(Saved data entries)
-- Opening Marker --

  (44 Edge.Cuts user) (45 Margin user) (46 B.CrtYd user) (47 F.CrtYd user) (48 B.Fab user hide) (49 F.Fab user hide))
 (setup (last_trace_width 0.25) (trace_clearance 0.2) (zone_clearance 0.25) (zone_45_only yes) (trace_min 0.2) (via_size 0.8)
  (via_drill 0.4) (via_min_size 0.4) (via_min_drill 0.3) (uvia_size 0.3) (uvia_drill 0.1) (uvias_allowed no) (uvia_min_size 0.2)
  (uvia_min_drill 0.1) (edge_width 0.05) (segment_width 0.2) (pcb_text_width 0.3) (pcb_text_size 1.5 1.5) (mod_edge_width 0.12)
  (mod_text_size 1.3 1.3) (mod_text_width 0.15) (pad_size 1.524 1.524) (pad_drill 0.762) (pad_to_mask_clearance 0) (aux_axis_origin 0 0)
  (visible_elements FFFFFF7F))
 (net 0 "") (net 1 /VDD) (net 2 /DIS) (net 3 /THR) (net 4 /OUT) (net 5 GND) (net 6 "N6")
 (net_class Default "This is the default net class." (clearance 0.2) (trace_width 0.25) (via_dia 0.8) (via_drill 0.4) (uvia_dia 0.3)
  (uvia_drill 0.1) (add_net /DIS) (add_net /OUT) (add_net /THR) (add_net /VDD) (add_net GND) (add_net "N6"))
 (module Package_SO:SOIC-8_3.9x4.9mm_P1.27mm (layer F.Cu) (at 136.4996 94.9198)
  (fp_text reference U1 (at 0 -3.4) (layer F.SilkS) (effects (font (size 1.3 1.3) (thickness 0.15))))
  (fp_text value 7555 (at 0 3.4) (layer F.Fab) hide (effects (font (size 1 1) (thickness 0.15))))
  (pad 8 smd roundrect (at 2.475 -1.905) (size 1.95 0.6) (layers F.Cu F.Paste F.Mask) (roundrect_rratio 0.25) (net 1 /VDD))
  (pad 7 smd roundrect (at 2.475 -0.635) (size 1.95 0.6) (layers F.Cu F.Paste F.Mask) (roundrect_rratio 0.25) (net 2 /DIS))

-- Closing Marker --
-- Opening Marker --

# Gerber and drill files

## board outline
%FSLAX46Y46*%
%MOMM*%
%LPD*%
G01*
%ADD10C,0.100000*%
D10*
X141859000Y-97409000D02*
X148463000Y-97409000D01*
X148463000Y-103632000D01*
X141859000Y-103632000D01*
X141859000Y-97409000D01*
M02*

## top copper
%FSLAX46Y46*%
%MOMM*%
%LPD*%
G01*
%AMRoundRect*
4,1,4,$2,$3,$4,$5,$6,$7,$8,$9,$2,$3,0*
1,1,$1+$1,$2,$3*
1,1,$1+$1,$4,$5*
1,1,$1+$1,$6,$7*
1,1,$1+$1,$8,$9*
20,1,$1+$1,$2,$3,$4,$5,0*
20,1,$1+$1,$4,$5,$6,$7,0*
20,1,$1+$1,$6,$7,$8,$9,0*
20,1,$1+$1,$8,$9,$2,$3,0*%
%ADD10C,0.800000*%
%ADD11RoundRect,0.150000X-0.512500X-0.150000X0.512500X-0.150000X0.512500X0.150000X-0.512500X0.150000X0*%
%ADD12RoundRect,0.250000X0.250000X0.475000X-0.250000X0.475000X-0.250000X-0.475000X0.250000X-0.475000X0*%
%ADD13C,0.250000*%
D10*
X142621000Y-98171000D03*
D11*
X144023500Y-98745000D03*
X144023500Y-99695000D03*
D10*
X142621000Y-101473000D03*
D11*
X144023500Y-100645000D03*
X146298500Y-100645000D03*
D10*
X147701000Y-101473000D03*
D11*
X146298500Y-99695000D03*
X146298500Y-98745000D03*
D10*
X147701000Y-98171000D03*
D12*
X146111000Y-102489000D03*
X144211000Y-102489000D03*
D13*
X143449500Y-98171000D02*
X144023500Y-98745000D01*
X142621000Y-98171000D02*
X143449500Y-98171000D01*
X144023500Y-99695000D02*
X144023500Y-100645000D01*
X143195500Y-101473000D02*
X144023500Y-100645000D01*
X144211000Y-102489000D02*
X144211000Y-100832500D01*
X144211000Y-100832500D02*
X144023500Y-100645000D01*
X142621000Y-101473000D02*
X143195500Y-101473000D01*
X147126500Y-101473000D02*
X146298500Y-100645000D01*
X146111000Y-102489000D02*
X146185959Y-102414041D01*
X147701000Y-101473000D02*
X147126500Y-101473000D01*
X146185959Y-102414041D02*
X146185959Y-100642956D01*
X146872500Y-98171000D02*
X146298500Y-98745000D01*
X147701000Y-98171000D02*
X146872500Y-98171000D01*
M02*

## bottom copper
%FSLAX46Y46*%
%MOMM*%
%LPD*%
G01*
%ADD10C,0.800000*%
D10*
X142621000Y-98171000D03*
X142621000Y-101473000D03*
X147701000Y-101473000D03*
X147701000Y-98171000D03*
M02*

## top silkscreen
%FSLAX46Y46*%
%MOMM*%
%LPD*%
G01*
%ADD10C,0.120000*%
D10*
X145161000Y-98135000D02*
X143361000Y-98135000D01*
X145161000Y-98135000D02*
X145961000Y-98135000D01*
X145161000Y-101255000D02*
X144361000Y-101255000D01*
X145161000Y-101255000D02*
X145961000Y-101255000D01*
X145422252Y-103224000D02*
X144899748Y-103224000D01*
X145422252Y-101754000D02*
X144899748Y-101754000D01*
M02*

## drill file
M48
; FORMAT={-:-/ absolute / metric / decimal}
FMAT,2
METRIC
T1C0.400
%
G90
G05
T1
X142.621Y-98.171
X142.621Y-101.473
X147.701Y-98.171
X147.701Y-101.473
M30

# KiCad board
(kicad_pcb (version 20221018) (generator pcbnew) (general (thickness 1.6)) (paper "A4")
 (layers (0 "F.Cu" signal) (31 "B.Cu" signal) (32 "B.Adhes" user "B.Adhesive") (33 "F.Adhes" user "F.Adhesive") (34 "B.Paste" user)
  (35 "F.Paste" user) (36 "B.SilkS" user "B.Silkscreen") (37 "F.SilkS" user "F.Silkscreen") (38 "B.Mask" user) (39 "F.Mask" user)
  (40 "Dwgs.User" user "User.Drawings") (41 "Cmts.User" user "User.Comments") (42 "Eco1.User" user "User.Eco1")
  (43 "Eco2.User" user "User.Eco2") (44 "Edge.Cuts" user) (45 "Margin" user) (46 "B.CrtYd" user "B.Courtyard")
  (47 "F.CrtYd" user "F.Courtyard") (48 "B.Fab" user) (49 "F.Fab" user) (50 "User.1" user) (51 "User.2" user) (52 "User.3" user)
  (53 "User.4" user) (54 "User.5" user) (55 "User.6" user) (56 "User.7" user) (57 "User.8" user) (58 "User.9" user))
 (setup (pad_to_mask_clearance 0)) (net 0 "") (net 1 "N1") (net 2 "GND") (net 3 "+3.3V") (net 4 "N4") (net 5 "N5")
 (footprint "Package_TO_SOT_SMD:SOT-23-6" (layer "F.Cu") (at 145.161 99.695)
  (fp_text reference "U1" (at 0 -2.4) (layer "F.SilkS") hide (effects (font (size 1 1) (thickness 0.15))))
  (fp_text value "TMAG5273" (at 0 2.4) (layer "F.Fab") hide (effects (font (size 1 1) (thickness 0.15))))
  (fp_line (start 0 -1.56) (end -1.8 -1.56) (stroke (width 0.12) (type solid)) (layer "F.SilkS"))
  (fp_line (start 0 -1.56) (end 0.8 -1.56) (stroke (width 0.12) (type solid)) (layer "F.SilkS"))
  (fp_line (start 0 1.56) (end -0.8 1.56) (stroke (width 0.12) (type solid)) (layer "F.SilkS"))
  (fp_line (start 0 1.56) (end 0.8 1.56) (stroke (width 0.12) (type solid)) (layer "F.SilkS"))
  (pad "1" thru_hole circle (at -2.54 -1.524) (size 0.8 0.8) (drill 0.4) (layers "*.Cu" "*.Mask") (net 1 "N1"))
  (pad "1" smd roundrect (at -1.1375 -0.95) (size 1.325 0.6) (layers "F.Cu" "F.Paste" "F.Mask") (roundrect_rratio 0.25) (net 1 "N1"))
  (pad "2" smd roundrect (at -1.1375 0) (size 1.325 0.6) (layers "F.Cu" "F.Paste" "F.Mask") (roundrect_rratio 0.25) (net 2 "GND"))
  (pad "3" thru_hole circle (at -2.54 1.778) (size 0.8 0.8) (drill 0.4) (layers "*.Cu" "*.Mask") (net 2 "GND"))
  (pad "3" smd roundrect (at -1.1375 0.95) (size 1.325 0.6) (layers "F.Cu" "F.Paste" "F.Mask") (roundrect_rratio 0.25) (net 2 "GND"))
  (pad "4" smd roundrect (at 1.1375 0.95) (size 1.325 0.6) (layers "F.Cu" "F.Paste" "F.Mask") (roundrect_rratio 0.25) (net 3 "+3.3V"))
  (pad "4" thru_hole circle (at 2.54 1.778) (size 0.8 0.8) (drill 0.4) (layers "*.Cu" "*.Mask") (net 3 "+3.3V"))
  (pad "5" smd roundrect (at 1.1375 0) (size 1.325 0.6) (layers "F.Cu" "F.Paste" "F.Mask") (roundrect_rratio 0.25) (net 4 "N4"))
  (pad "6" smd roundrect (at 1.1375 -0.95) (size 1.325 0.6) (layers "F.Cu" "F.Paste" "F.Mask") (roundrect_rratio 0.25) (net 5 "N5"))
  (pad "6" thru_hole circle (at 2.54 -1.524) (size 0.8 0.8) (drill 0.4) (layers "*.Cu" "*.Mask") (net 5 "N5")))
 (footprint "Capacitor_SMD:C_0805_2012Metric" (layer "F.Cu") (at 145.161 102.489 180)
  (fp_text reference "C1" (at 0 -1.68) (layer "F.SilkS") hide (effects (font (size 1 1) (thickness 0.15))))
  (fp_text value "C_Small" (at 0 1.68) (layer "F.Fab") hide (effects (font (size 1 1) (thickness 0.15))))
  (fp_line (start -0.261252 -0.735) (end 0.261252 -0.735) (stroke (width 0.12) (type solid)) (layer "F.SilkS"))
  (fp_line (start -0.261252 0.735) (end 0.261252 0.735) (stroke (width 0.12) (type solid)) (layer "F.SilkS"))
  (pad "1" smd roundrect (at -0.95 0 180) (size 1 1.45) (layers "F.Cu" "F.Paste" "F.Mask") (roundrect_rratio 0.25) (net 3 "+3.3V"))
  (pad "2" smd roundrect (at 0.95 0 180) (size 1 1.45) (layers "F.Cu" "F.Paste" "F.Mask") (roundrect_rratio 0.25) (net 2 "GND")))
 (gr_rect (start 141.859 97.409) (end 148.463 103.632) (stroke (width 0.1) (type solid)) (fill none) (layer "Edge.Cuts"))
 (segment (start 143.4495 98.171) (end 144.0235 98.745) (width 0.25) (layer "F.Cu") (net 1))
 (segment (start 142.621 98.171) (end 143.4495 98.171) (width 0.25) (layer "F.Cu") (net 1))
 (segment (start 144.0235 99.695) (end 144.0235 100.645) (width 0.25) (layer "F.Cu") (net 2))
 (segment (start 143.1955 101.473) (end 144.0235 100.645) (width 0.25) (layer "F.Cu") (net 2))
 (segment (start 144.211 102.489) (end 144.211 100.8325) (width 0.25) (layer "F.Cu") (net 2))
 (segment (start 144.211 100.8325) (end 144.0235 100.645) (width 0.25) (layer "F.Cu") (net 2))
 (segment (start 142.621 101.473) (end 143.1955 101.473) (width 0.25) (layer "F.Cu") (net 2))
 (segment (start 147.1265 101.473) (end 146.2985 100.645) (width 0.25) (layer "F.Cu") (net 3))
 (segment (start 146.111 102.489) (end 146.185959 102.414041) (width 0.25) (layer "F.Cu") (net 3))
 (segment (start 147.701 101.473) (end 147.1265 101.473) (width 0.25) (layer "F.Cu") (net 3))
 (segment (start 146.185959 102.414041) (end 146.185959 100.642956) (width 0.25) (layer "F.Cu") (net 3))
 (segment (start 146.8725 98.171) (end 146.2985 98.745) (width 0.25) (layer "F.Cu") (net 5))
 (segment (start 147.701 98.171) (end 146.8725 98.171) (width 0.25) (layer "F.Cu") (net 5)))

-- Closing Marker --

--- YOUR OBJECTIVE ---
Please filter the entries for the word "setup" and copy the lines that have it.

--- WRITTEN SOLUTION ---
 (setup (last_trace_width 0.25) (trace_clearance 0.2) (zone_clearance 0.25) (zone_45_only yes) (trace_min 0.2) (via_size 0.8)
 (setup (pad_to_mask_clearance 0)) (net 0 "") (net 1 "N1") (net 2 "GND") (net 3 "+3.3V") (net 4 "N4") (net 5 "N5")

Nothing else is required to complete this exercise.